# 6 Jaw advice needed quick!!



## SafetyBob (Jan 1, 2009)

I am sorry to seem to be in a hurry, but the 40% off at MSC ends tomorrow, so I need to make a decision before noon tomorrow I think. 

I am starting to get into the decorating the [email protected] body thing by grooving the side of the flashlight body....ok, maybe a fin or two also. 

My original, at least 28 year old china or tiawan built chuck is old and needs attention. After listening and watching some of you guys, I am going to bite the bullet and get a 6 jaw chuck for my lathe. I use a D1-6 backplate so yes it is fairly big for some idiot (that would be me) to have in his garage. 

Until I figure the exact figures (before learning of the 40% off at MSC), it was a contest between the Enco Set-Tru 8" or the Bison Set-Tru 8". Just wondering if the significance of 500 dollars is worth it for the Bison. 

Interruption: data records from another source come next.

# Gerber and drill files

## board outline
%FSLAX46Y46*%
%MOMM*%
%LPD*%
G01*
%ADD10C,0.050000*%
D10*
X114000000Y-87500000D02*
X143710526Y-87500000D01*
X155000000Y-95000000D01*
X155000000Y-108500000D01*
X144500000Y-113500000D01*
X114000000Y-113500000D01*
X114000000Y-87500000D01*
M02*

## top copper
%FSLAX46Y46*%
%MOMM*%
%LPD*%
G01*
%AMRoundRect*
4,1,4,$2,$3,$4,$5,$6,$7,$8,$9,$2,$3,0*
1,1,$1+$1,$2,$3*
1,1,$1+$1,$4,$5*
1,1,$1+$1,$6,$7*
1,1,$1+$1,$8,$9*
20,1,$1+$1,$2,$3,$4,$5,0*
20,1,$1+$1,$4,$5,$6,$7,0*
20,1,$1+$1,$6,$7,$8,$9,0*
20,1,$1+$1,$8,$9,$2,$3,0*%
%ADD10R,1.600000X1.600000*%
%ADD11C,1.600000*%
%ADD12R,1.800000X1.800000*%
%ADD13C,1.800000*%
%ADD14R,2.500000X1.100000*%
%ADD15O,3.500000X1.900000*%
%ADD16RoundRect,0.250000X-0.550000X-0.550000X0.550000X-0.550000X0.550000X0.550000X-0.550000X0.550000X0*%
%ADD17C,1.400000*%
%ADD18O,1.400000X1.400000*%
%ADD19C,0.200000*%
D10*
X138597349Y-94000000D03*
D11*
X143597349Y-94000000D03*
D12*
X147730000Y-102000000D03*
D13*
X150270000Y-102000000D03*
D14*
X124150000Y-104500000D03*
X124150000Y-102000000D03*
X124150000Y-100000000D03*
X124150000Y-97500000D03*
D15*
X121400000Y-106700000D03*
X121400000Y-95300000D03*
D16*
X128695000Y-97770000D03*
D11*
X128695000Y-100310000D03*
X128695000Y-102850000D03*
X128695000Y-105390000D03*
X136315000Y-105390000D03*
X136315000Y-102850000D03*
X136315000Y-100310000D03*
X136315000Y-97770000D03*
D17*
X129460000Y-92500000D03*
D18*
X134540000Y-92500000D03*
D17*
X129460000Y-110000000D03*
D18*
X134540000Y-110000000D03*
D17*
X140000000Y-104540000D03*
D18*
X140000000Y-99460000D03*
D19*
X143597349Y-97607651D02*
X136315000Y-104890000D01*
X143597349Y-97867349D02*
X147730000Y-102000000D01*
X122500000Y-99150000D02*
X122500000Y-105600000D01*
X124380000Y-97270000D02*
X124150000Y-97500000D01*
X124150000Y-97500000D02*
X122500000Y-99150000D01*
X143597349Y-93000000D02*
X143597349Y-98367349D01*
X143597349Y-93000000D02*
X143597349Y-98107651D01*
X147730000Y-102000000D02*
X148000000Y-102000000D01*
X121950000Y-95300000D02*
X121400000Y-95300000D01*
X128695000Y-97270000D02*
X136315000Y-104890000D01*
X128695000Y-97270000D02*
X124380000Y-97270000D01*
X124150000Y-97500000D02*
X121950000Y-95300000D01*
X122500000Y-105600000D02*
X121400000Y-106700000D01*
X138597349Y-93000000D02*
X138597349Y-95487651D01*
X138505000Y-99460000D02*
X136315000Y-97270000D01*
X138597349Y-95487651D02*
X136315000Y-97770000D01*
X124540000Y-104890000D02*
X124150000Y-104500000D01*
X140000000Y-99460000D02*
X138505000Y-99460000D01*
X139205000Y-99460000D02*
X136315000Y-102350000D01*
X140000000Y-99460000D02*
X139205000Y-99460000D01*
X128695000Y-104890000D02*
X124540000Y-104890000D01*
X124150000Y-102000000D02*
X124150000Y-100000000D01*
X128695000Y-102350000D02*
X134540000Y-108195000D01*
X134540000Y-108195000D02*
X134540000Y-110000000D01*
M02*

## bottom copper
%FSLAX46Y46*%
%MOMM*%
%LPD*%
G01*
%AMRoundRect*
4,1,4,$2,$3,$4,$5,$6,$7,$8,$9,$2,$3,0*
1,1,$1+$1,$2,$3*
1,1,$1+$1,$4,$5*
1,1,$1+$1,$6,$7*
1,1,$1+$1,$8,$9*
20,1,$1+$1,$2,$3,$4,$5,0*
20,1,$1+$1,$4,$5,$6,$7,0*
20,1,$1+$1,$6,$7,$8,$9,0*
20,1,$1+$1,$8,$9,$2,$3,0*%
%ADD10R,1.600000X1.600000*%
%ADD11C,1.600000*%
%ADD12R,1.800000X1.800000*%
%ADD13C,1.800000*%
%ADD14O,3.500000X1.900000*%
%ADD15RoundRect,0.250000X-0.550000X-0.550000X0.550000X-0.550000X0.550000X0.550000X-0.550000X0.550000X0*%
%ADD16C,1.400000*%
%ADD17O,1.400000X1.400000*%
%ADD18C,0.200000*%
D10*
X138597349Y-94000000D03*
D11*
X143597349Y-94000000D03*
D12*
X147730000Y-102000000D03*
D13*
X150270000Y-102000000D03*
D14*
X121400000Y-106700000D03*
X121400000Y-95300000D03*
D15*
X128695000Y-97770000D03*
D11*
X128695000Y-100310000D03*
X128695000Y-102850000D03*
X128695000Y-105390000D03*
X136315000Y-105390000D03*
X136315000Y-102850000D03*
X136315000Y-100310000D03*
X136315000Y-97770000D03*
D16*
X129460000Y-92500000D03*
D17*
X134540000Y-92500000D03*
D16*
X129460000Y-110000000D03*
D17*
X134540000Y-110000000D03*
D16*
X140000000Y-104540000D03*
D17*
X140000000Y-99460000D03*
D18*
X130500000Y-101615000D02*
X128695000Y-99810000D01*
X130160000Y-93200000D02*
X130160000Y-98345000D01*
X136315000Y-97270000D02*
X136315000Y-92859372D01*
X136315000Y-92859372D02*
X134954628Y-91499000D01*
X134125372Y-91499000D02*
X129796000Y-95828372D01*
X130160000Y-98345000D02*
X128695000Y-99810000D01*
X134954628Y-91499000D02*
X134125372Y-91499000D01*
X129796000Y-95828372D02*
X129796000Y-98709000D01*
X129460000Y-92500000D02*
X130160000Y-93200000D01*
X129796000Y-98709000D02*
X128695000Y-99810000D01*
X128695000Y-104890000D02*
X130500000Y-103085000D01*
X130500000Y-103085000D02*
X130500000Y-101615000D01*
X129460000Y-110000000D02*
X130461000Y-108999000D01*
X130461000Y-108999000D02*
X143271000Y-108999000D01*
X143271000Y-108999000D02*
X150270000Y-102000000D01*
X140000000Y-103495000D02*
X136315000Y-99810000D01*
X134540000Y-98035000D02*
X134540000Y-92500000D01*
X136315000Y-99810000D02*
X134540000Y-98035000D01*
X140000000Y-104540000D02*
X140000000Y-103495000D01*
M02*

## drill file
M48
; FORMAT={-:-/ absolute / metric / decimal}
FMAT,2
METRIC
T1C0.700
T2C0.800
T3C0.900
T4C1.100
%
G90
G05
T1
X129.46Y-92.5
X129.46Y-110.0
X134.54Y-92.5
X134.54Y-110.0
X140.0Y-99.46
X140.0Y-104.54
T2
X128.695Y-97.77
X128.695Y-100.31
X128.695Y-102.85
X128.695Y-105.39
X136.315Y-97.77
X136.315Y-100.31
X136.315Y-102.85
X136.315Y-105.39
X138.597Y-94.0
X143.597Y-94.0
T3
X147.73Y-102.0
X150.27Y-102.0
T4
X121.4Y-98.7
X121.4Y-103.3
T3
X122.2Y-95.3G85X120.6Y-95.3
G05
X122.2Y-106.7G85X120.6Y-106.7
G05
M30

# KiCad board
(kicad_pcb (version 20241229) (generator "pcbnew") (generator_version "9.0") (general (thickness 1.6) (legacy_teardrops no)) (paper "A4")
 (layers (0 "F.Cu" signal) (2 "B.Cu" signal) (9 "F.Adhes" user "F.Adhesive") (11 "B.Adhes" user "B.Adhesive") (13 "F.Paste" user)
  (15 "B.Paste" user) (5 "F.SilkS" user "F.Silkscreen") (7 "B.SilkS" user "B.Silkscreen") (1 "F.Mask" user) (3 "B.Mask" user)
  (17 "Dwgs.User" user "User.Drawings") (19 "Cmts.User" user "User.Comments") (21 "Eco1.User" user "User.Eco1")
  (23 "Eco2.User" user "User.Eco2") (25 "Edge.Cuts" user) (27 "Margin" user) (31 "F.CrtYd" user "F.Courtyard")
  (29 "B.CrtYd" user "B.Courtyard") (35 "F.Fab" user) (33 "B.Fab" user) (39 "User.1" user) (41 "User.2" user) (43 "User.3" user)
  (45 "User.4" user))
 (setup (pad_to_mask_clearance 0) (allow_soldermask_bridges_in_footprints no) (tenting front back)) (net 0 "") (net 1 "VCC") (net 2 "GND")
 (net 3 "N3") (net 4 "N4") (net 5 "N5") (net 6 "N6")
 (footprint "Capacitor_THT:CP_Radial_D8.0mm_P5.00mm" (layer "F.Cu") (at 138.597349 94)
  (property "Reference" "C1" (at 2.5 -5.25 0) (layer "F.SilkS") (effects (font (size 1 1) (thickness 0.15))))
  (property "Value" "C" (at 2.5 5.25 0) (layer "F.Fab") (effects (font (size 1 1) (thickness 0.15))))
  (pad "1" thru_hole rect (at 0 0) (size 1.6 1.6) (drill 0.8) (layers "*.Cu" "*.Mask") (remove_unused_layers no) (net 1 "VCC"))
  (pad "2" thru_hole circle (at 5 0) (size 1.6 1.6) (drill 0.8) (layers "*.Cu" "*.Mask") (remove_unused_layers no) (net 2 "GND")))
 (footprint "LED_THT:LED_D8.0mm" (layer "F.Cu") (at 147.73 102)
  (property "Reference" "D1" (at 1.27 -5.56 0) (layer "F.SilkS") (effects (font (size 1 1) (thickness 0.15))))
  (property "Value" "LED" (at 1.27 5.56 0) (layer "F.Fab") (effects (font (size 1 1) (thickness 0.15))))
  (pad "1" thru_hole rect (at 0 0) (size 1.8 1.8) (drill 0.9) (layers "*.Cu" "*.Mask") (remove_unused_layers no) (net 2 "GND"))
  (pad "2" thru_hole circle (at 2.54 0) (size 1.8 1.8) (drill 0.9) (layers "*.Cu" "*.Mask") (remove_unused_layers no) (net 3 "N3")))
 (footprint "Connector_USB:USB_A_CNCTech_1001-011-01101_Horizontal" (layer "F.Cu") (at 114.5 101 180)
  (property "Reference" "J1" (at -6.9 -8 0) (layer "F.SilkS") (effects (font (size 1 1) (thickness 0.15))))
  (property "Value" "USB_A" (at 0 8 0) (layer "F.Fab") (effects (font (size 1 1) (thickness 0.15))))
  (pad "" np_thru_hole circle (at -6.9 -2.3 180) (size 1.1 1.1) (drill 1.1) (layers "*.Cu" "*.Mask"))
  (pad "" np_thru_hole circle (at -6.9 2.3 180) (size 1.1 1.1) (drill 1.1) (layers "*.Cu" "*.Mask"))
  (pad "1" smd rect (at -9.65 -3.5 180) (size 2.5 1.1) (layers "F.Cu" "F.Mask" "F.Paste") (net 1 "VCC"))
  (pad "2" smd rect (at -9.65 -1 180) (size 2.5 1.1) (layers "F.Cu" "F.Mask" "F.Paste") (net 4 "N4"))
  (pad "3" smd rect (at -9.65 1 180) (size 2.5 1.1) (layers "F.Cu" "F.Mask" "F.Paste") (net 4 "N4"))
  (pad "4" smd rect (at -9.65 3.5 180) (size 2.5 1.1) (layers "F.Cu" "F.Mask" "F.Paste") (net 2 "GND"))
  (pad "5" thru_hole oval (at -6.9 -5.7 180) (size 3.5 1.9) (drill oval 2.5 0.9) (layers "*.Cu" "*.Mask") (remove_unused_layers no)
   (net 2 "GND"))
  (pad "5" thru_hole oval (at -6.9 5.7 180) (size 3.5 1.9) (drill oval 2.5 0.9) (layers "*.Cu" "*.Mask") (remove_unused_layers no)
   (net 2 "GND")))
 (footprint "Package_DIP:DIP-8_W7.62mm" (layer "F.Cu") (at 128.695 97.77)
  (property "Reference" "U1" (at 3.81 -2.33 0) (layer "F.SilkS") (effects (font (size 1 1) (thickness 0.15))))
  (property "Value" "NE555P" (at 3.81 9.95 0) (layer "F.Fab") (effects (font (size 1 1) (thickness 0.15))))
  (pad "1" thru_hole roundrect (at 0 0) (size 1.6 1.6) (drill 0.8) (layers "*.Cu" "*.Mask") (remove_unused_layers no)
   (roundrect_rratio 0.15625) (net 2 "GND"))
  (pad "2" thru_hole circle (at 0 2.54) (size 1.6 1.6) (drill 0.8) (layers "*.Cu" "*.Mask") (remove_unused_layers no) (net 1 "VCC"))
  (pad "3" thru_hole circle (at 0 5.08) (size 1.6 1.6) (drill 0.8) (layers "*.Cu" "*.Mask") (remove_unused_layers no) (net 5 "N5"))
  (pad "4" thru_hole circle (at 0 7.62) (size 1.6 1.6) (drill 0.8) (layers "*.Cu" "*.Mask") (remove_unused_layers no) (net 1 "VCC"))
  (pad "5" thru_hole circle (at 7.62 7.62) (size 1.6 1.6) (drill 0.8) (layers "*.Cu" "*.Mask") (remove_unused_layers no) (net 2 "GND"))
  (pad "6" thru_hole circle (at 7.62 5.08) (size 1.6 1.6) (drill 0.8) (layers "*.Cu" "*.Mask") (remove_unused_layers no) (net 1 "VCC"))
  (pad "7" thru_hole circle (at 7.62 2.54) (size 1.6 1.6) (drill 0.8) (layers "*.Cu" "*.Mask") (remove_unused_layers no) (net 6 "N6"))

Or worded differently, is the Enco worth getting? A piece of junk? Or, yes stupid, of course the Bison is the way to go.......

Please you guys who have really spent the time infront of the machine, I really need your advise badly. 

Bob E.


----------



## Mirage_Man (Jan 1, 2009)

Bob, I have no idea about the Enco but my Bison 6" is fantastic. I understand the Buck Chucks are really nice too.


----------



## precisionworks (Jan 1, 2009)

> is the Enco worth getting? A piece of junk?


Funny thing is, it could be worth getting, or it could be a piece of junk ... Chinese quality control is so erratic. If "your" chuck gets built with sharp drills, decent inserts, new threading taps, etc., it may be pretty good. If it happens to be made when the inserts are worn, the taps are dull, etc., it can be nothing short of awful. The scary part is that both the good one & the bad one both pass QC and get shipped.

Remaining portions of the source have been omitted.